- DIRECTIONS FOR THIS TASK: Some entries follow. Reproduce exactly the lines starting at the one with "## drill file" and stopping after the one with "(setup (last_trace_width 0.1524)".

Stored items:
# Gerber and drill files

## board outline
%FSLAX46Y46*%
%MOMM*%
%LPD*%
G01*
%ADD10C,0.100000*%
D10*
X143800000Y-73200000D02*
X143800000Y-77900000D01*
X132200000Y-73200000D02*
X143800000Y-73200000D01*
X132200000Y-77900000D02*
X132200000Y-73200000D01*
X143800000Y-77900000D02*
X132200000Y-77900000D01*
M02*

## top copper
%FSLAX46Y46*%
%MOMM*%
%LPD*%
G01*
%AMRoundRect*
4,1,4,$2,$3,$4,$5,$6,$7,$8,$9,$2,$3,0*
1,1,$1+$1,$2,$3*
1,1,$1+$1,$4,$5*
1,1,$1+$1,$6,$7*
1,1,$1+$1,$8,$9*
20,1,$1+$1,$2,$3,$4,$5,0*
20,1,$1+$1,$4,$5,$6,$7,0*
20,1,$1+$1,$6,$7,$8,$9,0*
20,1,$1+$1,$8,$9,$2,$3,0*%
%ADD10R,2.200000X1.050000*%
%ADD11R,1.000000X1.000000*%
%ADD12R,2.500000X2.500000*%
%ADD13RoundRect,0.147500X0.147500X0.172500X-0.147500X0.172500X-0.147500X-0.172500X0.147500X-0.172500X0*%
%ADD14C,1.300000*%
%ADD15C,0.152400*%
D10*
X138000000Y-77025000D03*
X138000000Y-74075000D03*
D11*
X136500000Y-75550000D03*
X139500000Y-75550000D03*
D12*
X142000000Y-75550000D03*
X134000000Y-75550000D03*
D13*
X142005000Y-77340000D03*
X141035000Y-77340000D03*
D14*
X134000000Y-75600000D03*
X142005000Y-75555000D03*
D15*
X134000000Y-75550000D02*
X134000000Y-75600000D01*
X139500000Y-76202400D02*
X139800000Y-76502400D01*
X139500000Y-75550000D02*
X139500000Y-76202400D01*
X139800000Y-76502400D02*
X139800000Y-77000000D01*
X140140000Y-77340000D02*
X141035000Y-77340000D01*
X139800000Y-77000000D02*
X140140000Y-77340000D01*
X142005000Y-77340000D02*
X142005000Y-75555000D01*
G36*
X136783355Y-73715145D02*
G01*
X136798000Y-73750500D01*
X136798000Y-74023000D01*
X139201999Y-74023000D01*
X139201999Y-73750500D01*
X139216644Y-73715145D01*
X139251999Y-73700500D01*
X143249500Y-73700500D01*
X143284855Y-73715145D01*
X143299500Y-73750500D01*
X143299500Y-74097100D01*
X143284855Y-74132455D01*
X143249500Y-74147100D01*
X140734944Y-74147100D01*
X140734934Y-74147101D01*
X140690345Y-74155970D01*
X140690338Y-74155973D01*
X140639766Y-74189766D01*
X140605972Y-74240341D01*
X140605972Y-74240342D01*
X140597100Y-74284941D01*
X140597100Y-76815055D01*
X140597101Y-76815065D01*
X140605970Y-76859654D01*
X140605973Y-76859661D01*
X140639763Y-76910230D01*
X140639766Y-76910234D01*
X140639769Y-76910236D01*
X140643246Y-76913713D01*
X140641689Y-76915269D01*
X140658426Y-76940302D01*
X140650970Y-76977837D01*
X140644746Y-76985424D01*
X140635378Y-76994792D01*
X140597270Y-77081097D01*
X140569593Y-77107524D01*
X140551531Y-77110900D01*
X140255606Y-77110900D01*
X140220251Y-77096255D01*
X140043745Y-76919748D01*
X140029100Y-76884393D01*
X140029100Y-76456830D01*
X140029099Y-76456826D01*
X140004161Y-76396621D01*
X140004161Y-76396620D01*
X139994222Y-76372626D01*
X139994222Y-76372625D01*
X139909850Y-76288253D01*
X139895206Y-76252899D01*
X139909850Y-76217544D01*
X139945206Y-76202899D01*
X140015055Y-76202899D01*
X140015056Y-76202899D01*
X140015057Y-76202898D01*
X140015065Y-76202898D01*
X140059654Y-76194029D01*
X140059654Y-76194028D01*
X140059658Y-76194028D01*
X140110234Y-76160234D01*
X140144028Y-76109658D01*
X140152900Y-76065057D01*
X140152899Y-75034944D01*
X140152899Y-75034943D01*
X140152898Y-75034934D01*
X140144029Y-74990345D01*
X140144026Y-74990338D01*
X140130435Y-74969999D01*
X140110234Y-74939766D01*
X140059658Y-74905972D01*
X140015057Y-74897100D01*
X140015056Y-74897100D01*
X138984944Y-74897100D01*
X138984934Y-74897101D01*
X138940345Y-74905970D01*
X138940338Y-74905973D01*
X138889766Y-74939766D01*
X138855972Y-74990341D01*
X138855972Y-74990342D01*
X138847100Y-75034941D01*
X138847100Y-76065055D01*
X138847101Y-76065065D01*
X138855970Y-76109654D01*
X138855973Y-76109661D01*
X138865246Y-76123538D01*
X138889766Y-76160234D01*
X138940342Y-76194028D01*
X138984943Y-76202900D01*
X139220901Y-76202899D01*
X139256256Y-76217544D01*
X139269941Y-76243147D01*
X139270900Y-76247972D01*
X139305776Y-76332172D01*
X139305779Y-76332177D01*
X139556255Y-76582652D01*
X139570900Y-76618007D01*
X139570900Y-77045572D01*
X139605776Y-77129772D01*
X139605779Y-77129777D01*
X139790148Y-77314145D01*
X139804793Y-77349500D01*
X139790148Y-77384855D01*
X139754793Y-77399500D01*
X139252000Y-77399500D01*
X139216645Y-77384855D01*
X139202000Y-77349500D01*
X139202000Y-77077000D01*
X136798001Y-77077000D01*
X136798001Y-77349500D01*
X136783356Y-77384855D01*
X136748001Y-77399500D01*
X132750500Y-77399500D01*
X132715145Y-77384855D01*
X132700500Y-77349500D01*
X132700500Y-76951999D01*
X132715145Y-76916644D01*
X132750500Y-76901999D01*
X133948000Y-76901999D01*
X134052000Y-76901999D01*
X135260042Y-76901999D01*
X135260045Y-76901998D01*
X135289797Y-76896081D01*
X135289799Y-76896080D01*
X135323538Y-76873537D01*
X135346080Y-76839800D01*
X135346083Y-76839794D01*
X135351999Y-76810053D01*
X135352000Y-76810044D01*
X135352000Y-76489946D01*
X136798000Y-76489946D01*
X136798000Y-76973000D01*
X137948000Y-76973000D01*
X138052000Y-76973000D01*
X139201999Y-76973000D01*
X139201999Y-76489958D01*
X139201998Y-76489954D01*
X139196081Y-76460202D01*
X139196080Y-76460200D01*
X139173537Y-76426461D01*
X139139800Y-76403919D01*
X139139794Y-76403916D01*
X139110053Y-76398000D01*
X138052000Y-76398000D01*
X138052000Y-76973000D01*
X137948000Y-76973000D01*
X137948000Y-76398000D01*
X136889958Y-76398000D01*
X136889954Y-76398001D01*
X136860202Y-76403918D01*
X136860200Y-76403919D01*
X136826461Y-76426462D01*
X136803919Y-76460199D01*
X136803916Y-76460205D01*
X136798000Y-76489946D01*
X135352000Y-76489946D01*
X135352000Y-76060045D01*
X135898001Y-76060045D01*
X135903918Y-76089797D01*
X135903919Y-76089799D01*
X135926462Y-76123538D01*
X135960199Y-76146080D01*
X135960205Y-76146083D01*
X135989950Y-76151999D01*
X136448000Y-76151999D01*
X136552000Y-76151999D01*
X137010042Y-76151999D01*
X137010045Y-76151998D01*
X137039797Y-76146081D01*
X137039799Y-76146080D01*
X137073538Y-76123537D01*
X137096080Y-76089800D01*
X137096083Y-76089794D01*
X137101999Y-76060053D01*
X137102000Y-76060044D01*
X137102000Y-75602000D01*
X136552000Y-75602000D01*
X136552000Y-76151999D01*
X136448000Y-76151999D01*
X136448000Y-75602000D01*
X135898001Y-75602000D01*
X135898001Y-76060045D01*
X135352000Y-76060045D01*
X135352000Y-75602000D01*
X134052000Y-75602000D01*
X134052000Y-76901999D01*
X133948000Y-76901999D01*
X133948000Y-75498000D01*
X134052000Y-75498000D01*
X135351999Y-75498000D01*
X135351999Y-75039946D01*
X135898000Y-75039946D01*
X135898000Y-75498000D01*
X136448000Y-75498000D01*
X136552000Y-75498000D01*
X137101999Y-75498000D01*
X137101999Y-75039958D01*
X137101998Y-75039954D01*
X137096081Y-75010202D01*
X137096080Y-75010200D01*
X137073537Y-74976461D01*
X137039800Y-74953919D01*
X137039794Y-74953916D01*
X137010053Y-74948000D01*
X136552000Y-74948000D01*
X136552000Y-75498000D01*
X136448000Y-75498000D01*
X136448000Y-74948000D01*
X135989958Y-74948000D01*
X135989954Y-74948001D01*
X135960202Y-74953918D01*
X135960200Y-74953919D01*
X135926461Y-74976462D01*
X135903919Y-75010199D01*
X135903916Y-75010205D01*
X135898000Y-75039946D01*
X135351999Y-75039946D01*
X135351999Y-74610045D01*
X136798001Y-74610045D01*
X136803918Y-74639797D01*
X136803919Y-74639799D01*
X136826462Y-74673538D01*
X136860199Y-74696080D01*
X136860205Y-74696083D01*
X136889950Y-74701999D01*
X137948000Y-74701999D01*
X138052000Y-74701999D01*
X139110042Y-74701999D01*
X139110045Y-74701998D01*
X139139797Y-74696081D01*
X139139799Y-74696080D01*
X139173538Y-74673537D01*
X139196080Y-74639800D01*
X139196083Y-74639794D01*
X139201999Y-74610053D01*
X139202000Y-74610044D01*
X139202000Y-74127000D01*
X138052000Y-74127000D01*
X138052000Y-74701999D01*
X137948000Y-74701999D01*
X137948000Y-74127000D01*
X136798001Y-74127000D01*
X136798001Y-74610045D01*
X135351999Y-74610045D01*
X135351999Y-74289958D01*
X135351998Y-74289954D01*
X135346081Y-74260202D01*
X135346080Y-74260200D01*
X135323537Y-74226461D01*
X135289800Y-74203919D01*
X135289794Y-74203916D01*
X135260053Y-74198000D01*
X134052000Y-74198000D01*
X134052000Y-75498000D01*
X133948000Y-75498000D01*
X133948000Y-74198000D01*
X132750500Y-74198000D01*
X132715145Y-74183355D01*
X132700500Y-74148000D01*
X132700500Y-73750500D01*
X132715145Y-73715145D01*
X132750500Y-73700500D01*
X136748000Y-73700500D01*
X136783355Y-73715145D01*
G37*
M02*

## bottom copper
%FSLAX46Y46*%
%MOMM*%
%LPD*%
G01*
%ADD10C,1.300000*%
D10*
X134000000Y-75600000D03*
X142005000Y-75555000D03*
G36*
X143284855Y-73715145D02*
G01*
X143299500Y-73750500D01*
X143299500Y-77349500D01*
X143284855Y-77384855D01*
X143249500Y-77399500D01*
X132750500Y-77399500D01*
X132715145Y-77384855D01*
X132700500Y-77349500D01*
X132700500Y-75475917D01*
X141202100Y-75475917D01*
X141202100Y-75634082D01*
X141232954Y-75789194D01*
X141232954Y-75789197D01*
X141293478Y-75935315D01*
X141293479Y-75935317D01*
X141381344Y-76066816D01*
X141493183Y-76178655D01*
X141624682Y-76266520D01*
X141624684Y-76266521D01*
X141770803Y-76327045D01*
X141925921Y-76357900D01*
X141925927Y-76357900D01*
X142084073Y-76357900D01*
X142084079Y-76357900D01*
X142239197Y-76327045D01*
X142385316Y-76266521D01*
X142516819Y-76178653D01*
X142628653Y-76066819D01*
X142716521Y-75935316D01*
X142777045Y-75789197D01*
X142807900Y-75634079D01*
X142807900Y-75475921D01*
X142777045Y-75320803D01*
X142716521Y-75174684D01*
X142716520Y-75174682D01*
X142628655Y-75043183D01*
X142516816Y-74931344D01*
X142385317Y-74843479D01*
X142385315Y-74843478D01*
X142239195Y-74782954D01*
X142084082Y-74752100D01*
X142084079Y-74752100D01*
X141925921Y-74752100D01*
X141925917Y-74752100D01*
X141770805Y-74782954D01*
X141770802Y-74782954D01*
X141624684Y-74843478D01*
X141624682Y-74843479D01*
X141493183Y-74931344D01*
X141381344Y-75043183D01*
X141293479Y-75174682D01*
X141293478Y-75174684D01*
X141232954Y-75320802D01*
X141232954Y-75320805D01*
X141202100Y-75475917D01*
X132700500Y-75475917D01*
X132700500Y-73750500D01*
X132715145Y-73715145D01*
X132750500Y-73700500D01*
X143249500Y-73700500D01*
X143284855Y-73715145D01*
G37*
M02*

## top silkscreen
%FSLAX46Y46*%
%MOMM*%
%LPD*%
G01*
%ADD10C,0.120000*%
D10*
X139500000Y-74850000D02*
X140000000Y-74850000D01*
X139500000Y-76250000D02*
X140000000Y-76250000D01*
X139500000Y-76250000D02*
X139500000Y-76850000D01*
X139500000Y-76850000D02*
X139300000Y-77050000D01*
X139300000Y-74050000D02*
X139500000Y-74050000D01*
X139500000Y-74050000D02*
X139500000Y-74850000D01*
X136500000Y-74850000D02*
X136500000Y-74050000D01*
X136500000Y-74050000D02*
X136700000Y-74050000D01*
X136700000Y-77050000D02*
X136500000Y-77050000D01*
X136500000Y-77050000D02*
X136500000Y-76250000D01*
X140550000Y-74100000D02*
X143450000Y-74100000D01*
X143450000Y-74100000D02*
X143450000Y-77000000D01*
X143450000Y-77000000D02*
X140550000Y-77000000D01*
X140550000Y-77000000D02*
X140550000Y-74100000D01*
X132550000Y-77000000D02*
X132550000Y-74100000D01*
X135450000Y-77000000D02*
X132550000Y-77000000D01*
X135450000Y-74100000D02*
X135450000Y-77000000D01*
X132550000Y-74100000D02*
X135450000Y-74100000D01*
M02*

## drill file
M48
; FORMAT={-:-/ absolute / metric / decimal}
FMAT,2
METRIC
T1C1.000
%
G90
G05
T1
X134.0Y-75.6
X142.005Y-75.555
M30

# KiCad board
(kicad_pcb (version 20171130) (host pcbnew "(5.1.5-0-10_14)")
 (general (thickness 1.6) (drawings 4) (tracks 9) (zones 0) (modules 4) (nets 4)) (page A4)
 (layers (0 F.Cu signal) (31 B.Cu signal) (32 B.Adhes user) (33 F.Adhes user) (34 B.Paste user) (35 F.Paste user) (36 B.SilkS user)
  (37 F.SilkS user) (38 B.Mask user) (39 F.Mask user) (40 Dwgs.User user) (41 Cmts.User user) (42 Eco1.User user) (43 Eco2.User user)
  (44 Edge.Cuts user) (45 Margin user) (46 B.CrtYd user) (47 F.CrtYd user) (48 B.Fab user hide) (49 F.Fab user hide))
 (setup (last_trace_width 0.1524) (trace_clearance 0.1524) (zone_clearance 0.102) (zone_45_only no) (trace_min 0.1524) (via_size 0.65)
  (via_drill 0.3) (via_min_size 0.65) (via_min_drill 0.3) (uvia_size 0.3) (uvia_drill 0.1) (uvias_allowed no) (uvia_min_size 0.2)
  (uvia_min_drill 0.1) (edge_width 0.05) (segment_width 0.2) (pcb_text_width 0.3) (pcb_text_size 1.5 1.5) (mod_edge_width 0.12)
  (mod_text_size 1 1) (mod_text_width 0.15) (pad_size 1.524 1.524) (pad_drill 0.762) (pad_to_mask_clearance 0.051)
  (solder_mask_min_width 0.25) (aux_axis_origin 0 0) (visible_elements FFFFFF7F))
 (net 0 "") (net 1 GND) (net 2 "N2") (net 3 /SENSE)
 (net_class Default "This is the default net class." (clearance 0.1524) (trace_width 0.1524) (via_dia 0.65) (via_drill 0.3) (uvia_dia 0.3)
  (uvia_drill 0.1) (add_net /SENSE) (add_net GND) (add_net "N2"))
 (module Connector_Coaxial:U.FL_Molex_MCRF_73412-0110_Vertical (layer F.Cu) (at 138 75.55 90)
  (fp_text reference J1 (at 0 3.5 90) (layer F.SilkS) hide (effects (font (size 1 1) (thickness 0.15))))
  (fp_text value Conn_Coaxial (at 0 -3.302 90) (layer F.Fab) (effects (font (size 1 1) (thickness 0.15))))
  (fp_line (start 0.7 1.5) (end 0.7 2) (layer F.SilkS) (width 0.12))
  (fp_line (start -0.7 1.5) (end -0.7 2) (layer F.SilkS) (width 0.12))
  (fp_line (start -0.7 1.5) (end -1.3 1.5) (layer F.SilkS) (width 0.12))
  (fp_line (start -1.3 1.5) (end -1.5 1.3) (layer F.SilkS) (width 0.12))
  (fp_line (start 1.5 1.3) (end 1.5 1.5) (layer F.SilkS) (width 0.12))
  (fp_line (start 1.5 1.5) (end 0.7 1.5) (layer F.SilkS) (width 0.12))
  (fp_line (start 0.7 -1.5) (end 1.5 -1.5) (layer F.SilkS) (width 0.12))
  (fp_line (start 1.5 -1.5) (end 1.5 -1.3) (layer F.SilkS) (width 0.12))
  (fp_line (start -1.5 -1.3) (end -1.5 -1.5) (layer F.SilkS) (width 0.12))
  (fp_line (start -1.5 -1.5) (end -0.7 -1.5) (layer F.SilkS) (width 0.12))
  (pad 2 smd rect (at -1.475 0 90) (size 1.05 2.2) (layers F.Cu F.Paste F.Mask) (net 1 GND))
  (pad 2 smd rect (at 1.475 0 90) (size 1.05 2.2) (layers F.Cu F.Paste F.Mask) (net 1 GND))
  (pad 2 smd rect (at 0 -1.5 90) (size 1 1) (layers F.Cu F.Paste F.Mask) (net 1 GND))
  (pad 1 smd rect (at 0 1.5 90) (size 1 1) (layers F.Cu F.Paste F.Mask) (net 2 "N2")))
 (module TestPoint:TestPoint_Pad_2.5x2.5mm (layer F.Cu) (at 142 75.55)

- RESPONSE:
## drill file
M48
; FORMAT={-:-/ absolute / metric / decimal}
FMAT,2
METRIC
T1C1.000
%
G90
G05
T1
X134.0Y-75.6
X142.005Y-75.555
M30

# KiCad board
(kicad_pcb (version 20171130) (host pcbnew "(5.1.5-0-10_14)")
 (general (thickness 1.6) (drawings 4) (tracks 9) (zones 0) (modules 4) (nets 4)) (page A4)
 (layers (0 F.Cu signal) (31 B.Cu signal) (32 B.Adhes user) (33 F.Adhes user) (34 B.Paste user) (35 F.Paste user) (36 B.SilkS user)
  (37 F.SilkS user) (38 B.Mask user) (39 F.Mask user) (40 Dwgs.User user) (41 Cmts.User user) (42 Eco1.User user) (43 Eco2.User user)
  (44 Edge.Cuts user) (45 Margin user) (46 B.CrtYd user) (47 F.CrtYd user) (48 B.Fab user hide) (49 F.Fab user hide))
 (setup (last_trace_width 0.1524) (trace_clearance 0.1524) (zone_clearance 0.102) (zone_45_only no) (trace_min 0.1524) (via_size 0.65)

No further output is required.